Religion, estime Rilke (et la piété musulmane l’a marqué, lors de son périple nord-africain), c’est ferveur et piété ensemble ; ferveur car elle fait battre un cœur pour ce qui le dépasse ; piété car elle en revisite activement et régulièrement, donc rituellement, les raisons. Mais ce qui donne ainsi à un cœur le courage d’aimer battre suffit-il à lui donner sa direction ?
« La religion est quelque chose d’infiniment simple et naïf. Ce n’est pas une connaissance ni un contenu de sentiment (car tous les contenus sont donnés d’avance dès qu’un homme se confronte à la vie). Ce n’est pas un devoir ni un renoncement, ce n’est pas une limitation, mais c’est, dans la pure immensité de l’univers, une direction du cœur » (p.58).
La norme et le but ? Le juste usage du monde qui nous est confié, la pleine prise en mains de notre avenir sensible – nous sommes aussi faussement tenus et dangereusement coupables d’exploiter et humilier l’Ici-Bas que Dieu le serait de salir ou saborder son Avenir absolu. Chacun doit garder la Présence là où il l’est :
« Cette exploitation croissante du vivant, n’est-elle pas la conséquence d’une dépréciation de l’Ici-Bas qui dure depuis des siècles ? Quelle folie de nous détourner vers un au-delà, alors que nous sommes ici pressés de toutes parts de tâches et d’attentes et d’avenirs ! Quelle imposture de confisquer les images de l’extase d’Ici-Bas pour les marchander au ciel, derrière notre dos ! Oh, il serait grand temps que cette terre spoliée récupère tous les emprunts qu’on a faits à sa béatitude pour en parer un au-delà futur. (…) Le juste usage, voilà l’important. Prendre bien en mains l’Ici-Bas, avec un cœur plein d’amour et d’étonnement, comme notre unique bien, provisoirement : voilà, pour le dire familièrement, le grand mode d’emploi de Dieu » (p.68-69).

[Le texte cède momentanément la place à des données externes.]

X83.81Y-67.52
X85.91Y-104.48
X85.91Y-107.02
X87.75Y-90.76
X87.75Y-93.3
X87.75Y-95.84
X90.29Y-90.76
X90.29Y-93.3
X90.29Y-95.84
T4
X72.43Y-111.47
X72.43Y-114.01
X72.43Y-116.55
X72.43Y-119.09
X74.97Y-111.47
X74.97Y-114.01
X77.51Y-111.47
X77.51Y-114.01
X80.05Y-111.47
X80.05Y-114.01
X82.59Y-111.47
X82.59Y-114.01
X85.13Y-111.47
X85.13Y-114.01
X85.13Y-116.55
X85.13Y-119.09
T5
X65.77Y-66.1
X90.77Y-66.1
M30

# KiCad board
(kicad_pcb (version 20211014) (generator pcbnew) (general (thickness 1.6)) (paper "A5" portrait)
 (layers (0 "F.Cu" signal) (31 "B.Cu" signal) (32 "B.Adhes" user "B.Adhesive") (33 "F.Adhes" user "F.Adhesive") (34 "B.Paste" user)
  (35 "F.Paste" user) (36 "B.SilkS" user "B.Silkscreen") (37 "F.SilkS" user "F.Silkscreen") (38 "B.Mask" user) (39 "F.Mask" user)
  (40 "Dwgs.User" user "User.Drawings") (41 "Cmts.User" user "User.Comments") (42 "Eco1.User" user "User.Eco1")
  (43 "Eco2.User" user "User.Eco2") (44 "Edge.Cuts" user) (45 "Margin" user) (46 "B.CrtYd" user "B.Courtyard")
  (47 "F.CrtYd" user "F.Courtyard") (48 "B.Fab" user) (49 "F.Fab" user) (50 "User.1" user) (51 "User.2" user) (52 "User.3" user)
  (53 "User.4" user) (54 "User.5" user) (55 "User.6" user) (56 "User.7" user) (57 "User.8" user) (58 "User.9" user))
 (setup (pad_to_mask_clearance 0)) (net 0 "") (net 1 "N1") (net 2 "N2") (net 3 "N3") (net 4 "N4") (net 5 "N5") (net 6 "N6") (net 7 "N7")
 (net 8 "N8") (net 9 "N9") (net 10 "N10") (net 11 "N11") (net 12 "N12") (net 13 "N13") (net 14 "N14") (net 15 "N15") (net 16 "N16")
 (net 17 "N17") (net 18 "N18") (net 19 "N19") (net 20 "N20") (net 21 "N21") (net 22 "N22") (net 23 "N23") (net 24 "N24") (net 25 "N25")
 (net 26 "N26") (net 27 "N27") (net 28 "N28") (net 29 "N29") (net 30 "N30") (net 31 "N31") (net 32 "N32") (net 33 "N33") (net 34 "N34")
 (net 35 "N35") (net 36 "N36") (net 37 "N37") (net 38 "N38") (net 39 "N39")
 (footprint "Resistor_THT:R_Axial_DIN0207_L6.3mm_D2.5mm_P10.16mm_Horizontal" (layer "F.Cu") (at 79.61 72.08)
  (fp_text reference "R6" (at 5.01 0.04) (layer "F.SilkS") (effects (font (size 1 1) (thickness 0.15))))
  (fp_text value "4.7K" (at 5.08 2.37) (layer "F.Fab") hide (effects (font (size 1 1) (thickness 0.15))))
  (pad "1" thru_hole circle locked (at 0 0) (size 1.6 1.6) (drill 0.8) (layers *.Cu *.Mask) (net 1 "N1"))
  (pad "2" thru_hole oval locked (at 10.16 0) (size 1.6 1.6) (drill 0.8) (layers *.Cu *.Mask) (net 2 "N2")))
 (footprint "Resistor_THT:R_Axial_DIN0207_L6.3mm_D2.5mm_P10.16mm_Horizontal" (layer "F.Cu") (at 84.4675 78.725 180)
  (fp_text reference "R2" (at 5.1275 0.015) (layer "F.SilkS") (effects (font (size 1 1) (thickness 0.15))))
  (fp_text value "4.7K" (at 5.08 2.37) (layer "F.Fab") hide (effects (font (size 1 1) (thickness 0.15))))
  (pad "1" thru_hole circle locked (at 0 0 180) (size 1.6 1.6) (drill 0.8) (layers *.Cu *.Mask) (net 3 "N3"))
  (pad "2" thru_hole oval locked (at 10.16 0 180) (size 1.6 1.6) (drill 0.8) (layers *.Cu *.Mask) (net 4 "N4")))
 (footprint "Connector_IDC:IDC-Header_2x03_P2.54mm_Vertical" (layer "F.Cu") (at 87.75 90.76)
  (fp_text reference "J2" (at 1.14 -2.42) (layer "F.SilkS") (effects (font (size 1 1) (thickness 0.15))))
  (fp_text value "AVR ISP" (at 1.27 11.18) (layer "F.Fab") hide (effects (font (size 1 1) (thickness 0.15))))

Pour le dire simplement : l’infini ne risque rien, l’absolu se mêle de ce qui le regarde, Dieu ne combat personne (sinon lui-même) ; mais Dieu a besoin d’amis, et des amis confiants, calmes, aux aguets pour lui, ouvrant devant eux la fenêtre de la vérité, fermant derrière la porte de la mort, des amis aux chairs amoureuses (l’amour physique seul reproduit l’espèce en rencontrant l’autre individu, et « toute créature y jouit de son droit le plus saint », puisque « nous surgissons de cet événement abyssal et y rentrons en possession du centre de nos ravissements », p.78. Dans l’étreinte sexuelle, seule une surnature adulte peut guider là où nous devrons, dit extraordinairement Rilke, rester enfant) et aux tâches authentiques :
« Voyez-vous, je veux être utilisable pour Dieu tel que je suis. Ce que je fais ici, mon travail, je veux continuer à le faire pour lui sans que mon rayon, si je puis m’exprimer ainsi, se réfracte – pas même dans le Christ qui, pour bien des hommes autrefois, a été l’eau même de la vie » (p.82).

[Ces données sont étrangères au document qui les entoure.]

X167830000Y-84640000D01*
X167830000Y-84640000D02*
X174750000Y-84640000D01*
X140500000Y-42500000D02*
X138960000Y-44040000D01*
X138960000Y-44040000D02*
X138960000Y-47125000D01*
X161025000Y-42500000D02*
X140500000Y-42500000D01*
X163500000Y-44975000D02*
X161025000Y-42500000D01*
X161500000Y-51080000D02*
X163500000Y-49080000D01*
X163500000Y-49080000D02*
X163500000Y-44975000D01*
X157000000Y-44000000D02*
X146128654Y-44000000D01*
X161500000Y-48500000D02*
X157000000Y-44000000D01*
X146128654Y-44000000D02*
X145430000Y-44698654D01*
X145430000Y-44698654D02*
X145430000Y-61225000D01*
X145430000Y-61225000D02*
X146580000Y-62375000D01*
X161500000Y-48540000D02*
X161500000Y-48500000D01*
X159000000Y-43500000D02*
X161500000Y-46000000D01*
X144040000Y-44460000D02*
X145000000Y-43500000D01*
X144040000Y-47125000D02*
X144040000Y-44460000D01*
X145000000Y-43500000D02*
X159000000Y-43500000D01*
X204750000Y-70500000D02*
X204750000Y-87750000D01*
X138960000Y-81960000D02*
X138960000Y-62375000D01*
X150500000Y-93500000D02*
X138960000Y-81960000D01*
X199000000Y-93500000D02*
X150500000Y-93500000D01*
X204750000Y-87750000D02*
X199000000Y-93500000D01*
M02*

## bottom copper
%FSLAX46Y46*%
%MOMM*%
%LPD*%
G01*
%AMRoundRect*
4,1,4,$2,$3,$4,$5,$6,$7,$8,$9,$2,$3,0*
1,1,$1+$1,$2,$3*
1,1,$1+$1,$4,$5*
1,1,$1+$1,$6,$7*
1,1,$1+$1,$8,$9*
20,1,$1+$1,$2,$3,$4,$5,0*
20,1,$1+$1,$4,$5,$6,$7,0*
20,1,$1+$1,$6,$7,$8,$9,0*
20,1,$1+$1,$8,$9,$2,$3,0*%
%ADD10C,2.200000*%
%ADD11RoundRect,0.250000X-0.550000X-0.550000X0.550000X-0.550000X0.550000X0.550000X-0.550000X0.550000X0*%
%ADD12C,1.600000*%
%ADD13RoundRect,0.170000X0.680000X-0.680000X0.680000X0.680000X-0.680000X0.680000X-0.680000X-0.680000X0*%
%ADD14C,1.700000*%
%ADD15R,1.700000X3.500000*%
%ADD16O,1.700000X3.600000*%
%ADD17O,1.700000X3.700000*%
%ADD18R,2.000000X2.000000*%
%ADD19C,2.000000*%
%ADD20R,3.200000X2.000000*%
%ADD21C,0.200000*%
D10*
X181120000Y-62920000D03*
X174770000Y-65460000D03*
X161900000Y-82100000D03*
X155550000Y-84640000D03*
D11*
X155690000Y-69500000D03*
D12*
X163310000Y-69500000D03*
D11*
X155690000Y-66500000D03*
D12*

Ce qui émeut le plus, peut-être, dans la correspondance de Rilke (qu’il savait un jour ou l’autre devenir publique), c’est qu’il a conscience de s’y faire des amis posthumes. Son âme n’y a, en effet, pas de secrets pour nous, pas d’autres en tout cas que le mystère commun qu’elle révèle. Un ami sait pourquoi nous ne pourrions pas mieux nous conduire, ni plus profondément penser, ni même davantage aimer. Il connaît en nous l’instrument, il sait quel chant nous mène ; sous ses yeux, notre action joue son simple va-tout, n’ayant constitué aucune réserve, n’ayant prévu d’autre chemin de retour que lui. Il nous est la suffisante Providence de sa compréhension.
Gérard Pfister réunit, traduit et présente (excellemment) cet ensemble – en ajoutant trois lettres essentielles aux deux déjà réunies par Carl Sieber, gendre de Rilke, en 1934. Pfister est exactement un des amis posthumes de Rilke, rigoureux et probes, un qui sait ce qu’a exactement coûté à Rilke cet espace qu’il a rouvert devant Dieu même – ce vrai, ce bien, ce beau qu’il fut capable d’exprimer –, un aussi qui, méritoirement, contribue à nous rendre dignes de les entendre.